The BICEP2 telescope at the South Pole has apparently found direct evidence for that theory by observing the cosmic microwave background, which is a faint glow left over from the Big Bang. The data is also said to confirm the connection between quantum mechanics and general relativity.

"Tiny fluctuations in this afterglow provide clues to conditions in the early universe. For example, small differences in temperature across the sky show where parts of the universe were denser, eventually condensing into galaxies and galactic clusters," the press release states.

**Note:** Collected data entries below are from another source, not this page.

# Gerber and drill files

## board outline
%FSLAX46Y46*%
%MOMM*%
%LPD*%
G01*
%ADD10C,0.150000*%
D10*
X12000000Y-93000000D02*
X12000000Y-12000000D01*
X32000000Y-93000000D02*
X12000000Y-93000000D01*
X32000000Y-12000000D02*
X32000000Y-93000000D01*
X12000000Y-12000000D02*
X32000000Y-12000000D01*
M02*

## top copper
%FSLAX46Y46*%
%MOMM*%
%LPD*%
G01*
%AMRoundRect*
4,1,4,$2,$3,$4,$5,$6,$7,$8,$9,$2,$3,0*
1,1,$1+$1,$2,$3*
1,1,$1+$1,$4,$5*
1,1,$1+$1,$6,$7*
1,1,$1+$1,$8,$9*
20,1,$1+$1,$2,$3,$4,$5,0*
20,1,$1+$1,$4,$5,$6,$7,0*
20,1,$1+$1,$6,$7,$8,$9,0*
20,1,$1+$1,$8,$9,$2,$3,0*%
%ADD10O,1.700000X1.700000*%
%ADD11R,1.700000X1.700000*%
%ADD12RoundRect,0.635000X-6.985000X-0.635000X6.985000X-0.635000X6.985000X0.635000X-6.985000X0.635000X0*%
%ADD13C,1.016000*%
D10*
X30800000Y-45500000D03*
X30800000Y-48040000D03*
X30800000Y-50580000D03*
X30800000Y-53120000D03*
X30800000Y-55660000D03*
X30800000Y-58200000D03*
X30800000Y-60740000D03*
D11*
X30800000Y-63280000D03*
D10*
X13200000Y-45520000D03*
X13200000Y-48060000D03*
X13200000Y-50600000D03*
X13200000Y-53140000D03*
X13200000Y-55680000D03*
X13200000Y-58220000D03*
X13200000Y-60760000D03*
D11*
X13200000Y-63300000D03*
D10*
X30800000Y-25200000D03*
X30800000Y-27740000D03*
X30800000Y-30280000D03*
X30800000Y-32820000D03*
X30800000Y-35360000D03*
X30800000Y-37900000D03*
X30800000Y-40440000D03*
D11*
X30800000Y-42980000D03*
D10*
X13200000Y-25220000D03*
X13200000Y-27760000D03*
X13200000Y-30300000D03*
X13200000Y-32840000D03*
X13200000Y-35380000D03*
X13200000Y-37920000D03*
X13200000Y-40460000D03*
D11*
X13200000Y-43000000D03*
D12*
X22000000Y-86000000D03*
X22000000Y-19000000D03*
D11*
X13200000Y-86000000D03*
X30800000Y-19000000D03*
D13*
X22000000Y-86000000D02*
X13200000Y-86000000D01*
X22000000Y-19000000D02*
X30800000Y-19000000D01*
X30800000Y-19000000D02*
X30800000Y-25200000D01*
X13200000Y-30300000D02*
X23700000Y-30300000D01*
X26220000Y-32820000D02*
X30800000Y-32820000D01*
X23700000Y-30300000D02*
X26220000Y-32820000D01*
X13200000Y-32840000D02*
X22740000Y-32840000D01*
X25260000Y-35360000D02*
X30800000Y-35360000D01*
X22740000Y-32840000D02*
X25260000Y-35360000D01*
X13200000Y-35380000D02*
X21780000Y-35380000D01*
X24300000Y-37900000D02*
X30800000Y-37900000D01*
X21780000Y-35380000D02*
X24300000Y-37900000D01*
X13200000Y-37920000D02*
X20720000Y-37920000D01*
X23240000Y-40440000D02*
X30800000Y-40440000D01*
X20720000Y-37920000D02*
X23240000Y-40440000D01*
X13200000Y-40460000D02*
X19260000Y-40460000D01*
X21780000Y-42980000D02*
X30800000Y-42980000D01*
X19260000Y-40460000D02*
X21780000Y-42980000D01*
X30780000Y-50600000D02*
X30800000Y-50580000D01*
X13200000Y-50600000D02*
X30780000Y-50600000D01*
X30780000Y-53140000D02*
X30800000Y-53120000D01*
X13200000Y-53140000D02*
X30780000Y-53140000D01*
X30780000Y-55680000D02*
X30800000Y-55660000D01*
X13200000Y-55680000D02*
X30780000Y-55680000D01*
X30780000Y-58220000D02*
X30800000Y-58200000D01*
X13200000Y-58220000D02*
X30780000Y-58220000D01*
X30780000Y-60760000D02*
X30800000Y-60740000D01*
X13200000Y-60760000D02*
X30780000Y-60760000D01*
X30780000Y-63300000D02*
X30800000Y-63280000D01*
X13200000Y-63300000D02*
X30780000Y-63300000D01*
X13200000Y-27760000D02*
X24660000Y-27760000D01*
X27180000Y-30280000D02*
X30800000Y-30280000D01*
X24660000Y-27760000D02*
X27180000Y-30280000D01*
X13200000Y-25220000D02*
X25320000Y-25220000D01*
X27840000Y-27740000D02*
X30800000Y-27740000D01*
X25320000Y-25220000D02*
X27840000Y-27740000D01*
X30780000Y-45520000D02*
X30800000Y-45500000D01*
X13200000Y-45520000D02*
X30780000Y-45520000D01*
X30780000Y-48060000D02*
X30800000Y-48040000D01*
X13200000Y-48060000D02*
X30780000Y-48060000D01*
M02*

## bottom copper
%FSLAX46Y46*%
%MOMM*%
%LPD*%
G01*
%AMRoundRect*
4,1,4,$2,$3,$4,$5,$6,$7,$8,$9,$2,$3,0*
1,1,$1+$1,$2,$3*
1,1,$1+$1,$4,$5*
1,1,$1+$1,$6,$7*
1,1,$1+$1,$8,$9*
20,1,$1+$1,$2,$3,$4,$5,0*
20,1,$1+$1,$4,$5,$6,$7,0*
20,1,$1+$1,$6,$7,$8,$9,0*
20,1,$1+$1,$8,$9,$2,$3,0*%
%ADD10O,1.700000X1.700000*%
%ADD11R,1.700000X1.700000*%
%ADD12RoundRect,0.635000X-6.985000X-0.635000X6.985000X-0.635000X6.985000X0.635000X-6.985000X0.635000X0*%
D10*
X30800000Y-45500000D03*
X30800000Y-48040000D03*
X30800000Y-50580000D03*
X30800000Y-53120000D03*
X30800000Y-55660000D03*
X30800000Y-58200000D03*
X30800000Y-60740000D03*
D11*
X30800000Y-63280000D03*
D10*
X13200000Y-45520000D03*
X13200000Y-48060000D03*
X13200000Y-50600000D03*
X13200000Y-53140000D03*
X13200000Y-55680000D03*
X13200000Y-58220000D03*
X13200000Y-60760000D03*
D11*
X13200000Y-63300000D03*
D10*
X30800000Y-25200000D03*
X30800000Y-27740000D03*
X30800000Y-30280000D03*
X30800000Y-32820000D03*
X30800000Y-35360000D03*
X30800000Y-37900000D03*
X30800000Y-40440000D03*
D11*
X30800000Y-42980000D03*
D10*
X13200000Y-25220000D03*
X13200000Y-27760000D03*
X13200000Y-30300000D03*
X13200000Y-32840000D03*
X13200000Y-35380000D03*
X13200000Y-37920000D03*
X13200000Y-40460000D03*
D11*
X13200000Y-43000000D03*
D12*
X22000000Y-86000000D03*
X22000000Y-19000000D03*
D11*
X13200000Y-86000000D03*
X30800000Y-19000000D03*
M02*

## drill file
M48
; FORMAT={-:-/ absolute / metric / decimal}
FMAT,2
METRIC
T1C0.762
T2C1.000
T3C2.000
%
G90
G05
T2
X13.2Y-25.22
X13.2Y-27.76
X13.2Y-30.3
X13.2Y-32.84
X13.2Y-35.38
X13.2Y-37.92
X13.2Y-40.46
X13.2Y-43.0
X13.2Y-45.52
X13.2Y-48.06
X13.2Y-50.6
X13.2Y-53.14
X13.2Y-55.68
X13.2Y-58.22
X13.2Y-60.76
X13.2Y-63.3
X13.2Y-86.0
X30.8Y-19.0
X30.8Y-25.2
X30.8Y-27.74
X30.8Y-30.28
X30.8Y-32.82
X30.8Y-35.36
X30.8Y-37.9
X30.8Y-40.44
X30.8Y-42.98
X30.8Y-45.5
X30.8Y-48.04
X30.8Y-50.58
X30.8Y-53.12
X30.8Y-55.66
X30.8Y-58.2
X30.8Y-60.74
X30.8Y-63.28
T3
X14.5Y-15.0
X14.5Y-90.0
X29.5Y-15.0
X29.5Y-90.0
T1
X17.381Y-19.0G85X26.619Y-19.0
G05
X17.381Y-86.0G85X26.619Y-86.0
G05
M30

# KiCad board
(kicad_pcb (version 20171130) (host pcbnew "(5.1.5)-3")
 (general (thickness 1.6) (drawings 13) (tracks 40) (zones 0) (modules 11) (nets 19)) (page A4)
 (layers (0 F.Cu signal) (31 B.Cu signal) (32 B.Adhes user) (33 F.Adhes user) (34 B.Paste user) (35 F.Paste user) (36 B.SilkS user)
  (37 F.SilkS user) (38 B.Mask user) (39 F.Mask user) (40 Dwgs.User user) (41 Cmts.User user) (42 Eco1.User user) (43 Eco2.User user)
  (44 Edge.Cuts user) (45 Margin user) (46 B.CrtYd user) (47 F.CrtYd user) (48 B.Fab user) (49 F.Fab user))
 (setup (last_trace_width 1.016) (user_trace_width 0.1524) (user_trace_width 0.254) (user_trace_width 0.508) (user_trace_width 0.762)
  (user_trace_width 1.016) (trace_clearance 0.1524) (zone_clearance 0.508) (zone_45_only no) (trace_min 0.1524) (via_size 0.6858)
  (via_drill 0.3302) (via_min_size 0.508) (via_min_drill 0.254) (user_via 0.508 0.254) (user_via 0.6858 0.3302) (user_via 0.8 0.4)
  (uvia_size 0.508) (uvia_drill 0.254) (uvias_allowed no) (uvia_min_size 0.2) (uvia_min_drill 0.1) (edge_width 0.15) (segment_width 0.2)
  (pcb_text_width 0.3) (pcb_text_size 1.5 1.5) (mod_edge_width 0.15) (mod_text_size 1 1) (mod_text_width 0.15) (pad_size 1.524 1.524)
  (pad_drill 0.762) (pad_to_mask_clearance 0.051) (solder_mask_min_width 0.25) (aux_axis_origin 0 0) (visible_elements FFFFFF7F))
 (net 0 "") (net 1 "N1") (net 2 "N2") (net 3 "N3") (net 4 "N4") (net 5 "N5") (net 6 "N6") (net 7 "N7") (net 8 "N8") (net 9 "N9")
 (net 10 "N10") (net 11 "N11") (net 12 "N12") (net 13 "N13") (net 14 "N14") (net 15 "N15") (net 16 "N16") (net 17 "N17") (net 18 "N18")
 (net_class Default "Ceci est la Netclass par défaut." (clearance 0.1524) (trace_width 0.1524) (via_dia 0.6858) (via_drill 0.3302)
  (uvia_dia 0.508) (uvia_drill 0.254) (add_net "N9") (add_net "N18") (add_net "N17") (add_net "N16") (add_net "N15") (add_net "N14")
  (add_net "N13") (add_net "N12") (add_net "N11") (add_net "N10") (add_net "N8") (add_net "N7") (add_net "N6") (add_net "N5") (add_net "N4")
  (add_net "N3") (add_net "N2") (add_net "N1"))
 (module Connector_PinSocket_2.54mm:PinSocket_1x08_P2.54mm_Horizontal (layer F.Cu) (at 30.8 63.28 180)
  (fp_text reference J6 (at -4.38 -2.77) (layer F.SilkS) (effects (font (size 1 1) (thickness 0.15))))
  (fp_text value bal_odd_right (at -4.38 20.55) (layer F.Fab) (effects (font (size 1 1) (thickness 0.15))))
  (pad 8 thru_hole oval (at 0 17.78 180) (size 1.7 1.7) (drill 1) (layers *.Cu *.Mask) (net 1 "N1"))
  (pad 7 thru_hole oval (at 0 15.24 180) (size 1.7 1.7) (drill 1) (layers *.Cu *.Mask) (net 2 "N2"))
  (pad 6 thru_hole oval (at 0 12.7 180) (size 1.7 1.7) (drill 1) (layers *.Cu *.Mask) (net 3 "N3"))
  (pad 5 thru_hole oval (at 0 10.16 180) (size 1.7 1.7) (drill 1) (layers *.Cu *.Mask) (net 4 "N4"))
  (pad 4 thru_hole oval (at 0 7.62 180) (size 1.7 1.7) (drill 1) (layers *.Cu *.Mask) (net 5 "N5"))
  (pad 3 thru_hole oval (at 0 5.08 180) (size 1.7 1.7) (drill 1) (layers *.Cu *.Mask) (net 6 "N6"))
  (pad 2 thru_hole oval (at 0 2.54 180) (size 1.7 1.7) (drill 1) (layers *.Cu *.Mask) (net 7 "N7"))
  (pad 1 thru_hole rect (at 0 0 180) (size 1.7 1.7) (drill 1) (layers *.Cu *.Mask) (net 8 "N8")))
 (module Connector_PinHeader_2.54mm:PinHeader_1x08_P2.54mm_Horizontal (layer F.Cu) (at 13.2 63.3 180)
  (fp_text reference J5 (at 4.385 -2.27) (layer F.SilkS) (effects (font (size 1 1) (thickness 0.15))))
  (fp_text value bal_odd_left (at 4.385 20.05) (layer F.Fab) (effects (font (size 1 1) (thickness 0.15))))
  (pad 8 thru_hole oval (at 0 17.78 180) (size 1.7 1.7) (drill 1) (layers *.Cu *.Mask) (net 1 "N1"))
  (pad 7 thru_hole oval (at 0 15.24 180) (size 1.7 1.7) (drill 1) (layers *.Cu *.Mask) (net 2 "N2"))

"Since the cosmic microwave background is a form of light, it exhibits all the properties of light, including polarization. On Earth, sunlight is scattered by the atmosphere and becomes polarized, which is why polarized sunglasses help reduce glare. In space, the cosmic microwave background was scattered by atoms and electrons and became polarized too."

Reflecting on the results, Harvard theorist Avi Loeb said that the data from the experiment is not only a "smoking gun" for cosmic inflation, but can also suggest how powerful the event was and when it took place.

"We're very excited to present our results because they seem to match the prediction of the theory so closely," Kovac said in an interview, according to The Washington Post. "But it's the case that science can never actually prove a theory to be true. There could always be an alternative explanation that we haven't been clever enough to think of."

AiG, which promotes a literal interpretation of the creation account in Genesis, says that the discovery does not prove cosmic inflation but merely rules out other versions of the theory.

"Inflation is just one of many free parameters that cosmologists have at their disposal within the Big Bang model, so they can alter these parameters at will to get the intended result," AiG argued. "So, even if the data are confirmed, there may be some other physical mechanism at play rather than cosmic inflation."